* _Listed records_:
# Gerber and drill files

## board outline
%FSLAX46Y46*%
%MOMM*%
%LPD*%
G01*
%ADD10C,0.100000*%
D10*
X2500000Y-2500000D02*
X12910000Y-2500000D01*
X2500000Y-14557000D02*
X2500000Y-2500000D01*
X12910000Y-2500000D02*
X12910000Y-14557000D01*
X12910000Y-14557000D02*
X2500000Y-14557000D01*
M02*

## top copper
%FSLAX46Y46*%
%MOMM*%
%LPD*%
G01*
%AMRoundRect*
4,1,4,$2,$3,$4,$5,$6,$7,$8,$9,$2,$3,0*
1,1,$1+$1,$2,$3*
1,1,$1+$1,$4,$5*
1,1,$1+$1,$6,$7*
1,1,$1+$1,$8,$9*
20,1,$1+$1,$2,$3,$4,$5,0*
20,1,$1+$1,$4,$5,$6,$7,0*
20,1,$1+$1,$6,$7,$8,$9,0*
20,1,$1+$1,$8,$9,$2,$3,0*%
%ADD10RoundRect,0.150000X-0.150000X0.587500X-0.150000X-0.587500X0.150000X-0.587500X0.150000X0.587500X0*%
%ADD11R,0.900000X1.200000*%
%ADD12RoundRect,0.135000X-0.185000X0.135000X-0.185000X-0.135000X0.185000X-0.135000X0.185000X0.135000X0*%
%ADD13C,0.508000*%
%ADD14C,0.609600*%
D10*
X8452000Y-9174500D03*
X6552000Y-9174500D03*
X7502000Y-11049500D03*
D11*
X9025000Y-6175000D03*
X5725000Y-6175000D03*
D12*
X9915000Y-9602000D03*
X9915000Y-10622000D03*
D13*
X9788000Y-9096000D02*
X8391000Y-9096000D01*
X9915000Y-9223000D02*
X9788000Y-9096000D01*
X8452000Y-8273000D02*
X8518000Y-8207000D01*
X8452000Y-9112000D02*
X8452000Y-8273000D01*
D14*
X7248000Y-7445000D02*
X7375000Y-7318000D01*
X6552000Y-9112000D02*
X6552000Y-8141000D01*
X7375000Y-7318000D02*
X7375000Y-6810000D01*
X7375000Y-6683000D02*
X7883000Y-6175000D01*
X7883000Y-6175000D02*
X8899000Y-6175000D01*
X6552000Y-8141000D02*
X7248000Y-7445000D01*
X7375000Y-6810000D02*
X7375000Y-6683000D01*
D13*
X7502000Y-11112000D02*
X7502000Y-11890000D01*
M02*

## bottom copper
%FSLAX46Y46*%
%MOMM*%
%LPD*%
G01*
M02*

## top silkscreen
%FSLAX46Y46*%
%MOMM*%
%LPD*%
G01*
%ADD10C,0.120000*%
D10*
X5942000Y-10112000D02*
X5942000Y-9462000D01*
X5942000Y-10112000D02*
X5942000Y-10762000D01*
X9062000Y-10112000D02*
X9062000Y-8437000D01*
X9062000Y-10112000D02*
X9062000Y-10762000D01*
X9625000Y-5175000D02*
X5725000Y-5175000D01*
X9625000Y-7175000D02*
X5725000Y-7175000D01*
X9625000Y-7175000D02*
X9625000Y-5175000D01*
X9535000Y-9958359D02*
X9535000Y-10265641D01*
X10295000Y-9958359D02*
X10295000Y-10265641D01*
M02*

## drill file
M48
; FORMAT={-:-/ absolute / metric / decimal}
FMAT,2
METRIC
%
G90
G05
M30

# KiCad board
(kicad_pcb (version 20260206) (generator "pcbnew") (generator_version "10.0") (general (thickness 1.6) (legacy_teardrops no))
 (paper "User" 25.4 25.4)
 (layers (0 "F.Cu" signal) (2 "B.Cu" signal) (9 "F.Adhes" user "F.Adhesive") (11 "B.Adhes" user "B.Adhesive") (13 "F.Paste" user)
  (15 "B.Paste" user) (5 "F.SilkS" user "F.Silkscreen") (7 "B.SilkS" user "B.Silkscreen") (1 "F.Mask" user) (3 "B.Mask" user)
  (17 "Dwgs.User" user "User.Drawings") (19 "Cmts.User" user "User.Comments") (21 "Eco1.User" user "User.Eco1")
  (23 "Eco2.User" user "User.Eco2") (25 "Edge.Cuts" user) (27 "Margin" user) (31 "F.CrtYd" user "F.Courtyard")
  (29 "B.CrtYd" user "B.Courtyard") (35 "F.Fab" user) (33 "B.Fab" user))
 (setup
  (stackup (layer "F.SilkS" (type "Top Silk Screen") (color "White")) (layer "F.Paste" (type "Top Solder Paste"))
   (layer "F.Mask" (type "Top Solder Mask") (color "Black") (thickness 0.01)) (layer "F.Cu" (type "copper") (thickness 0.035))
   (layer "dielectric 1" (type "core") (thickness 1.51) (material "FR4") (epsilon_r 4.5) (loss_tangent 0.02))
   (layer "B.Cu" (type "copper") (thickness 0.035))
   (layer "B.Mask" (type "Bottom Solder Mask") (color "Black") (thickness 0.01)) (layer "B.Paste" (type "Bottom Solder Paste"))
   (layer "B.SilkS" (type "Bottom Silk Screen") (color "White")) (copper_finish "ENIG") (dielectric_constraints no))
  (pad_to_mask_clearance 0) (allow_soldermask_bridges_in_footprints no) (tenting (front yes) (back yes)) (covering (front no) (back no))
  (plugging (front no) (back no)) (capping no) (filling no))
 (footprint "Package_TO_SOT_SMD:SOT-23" (layer "F.Cu") (at 7.502 10.112 -90)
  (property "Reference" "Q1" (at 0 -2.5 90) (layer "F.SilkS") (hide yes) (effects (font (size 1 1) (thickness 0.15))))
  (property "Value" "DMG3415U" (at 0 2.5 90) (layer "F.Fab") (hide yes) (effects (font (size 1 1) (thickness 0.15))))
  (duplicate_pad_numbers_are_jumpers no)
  (fp_line (start 0 1.56) (end -0.65 1.56) (stroke (width 0.12) (type solid)) (layer "F.SilkS"))
  (fp_line (start 0 1.56) (end 0.65 1.56) (stroke (width 0.12) (type solid)) (layer "F.SilkS"))
  (fp_line (start 0 -1.56) (end -1.675 -1.56) (stroke (width 0.12) (type solid)) (layer "F.SilkS"))
  (fp_line (start 0 -1.56) (end 0.65 -1.56) (stroke (width 0.12) (type solid)) (layer "F.SilkS"))
  (pad "1" smd roundrect (at -0.9375 -0.95 270) (size 1.475 0.6) (layers "F.Cu" "F.Mask" "F.Paste") (roundrect_rratio 0.25) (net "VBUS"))
  (pad "2" smd roundrect (at -0.9375 0.95 270) (size 1.475 0.6) (layers "F.Cu" "F.Mask" "F.Paste") (roundrect_rratio 0.25) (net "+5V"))
  (pad "3" smd roundrect (at 0.9375 0 270) (size 1.475 0.6) (layers "F.Cu" "F.Mask" "F.Paste") (roundrect_rratio 0.25) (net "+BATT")))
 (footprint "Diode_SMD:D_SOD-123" (layer "F.Cu") (at 7.375 6.175 180)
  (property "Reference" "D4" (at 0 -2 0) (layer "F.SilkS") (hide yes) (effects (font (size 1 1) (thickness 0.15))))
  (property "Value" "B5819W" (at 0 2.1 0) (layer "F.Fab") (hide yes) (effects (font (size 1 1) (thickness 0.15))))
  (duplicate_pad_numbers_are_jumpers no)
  (fp_line (start -2.25 1) (end 1.65 1) (stroke (width 0.12) (type solid)) (layer "F.SilkS"))
  (fp_line (start -2.25 -1) (end 1.65 -1) (stroke (width 0.12) (type solid)) (layer "F.SilkS"))
  (fp_line (start -2.25 -1) (end -2.25 1) (stroke (width 0.12) (type solid)) (layer "F.SilkS"))
  (pad "1" smd rect (at -1.65 0 180) (size 0.9 1.2) (layers "F.Cu" "F.Mask" "F.Paste") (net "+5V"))
  (pad "2" smd rect (at 1.65 0 180) (size 0.9 1.2) (layers "F.Cu" "F.Mask" "F.Paste") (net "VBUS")))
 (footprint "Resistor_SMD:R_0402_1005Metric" (layer "F.Cu") (at 9.915 10.112 -90)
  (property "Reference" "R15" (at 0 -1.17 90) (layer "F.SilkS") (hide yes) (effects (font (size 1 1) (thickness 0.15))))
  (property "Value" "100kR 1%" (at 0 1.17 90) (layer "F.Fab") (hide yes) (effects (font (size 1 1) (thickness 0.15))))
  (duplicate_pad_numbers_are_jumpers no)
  (fp_line (start -0.153641 0.38) (end 0.153641 0.38) (stroke (width 0.12) (type solid)) (layer "F.SilkS"))
  (fp_line (start -0.153641 -0.38) (end 0.153641 -0.38) (stroke (width 0.12) (type solid)) (layer "F.SilkS"))
  (pad "1" smd roundrect (at -0.51 0 270) (size 0.54 0.64) (layers "F.Cu" "F.Mask" "F.Paste") (roundrect_rratio 0.25) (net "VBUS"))
  (pad "2" smd roundrect (at 0.51 0 270) (size 0.54 0.64) (layers "F.Cu" "F.Mask" "F.Paste") (roundrect_rratio 0.25) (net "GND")))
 (gr_line (start 2.5 2.5) (end 12.91 2.5) (stroke (width 0.1) (type default)) (layer "Edge.Cuts"))
 (gr_line (start 2.5 14.557) (end 2.5 2.5) (stroke (width 0.1) (type default)) (layer "Edge.Cuts"))
 (gr_line (start 12.91 2.5) (end 12.91 14.557) (stroke (width 0.1) (type default)) (layer "Edge.Cuts"))
 (gr_line (start 12.91 14.557) (end 2.5 14.557) (stroke (width 0.1) (type default)) (layer "Edge.Cuts"))
 (segment (start 9.788 9.096) (end 8.391 9.096) (width 0.508) (layer "F.Cu") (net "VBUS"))
 (segment (start 9.915 9.223) (end 9.788 9.096) (width 0.508) (layer "F.Cu") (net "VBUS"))
 (segment (start 8.452 8.273) (end 8.518 8.207) (width 0.508) (layer "F.Cu") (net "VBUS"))
 (segment (start 8.452 9.112) (end 8.452 8.273) (width 0.508) (layer "F.Cu") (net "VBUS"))
 (segment (start 7.248 7.445) (end 7.375 7.318) (width 0.6096) (layer "F.Cu") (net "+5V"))
 (segment (start 6.552 9.112) (end 6.552 8.141) (width 0.6096) (layer "F.Cu") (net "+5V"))
 (segment (start 7.375 7.318) (end 7.375 6.81) (width 0.6096) (layer "F.Cu") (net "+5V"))
 (segment (start 7.375 6.683) (end 7.883 6.175) (width 0.6096) (layer "F.Cu") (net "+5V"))
 (segment (start 7.883 6.175) (end 8.899 6.175) (width 0.6096) (layer "F.Cu") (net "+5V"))
 (segment (start 6.552 8.141) (end 7.248 7.445) (width 0.6096) (layer "F.Cu") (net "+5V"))
 (segment (start 7.375 6.81) (end 7.375 6.683) (width 0.6096) (layer "F.Cu") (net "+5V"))
 (segment (start 7.502 11.112) (end 7.502 11.89) (width 0.508) (layer "F.Cu") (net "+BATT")))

* _Task directions_: Within the entries above, report how many lines include "Black", and keep the answer to the number.

* _Answer for this exercise_: 2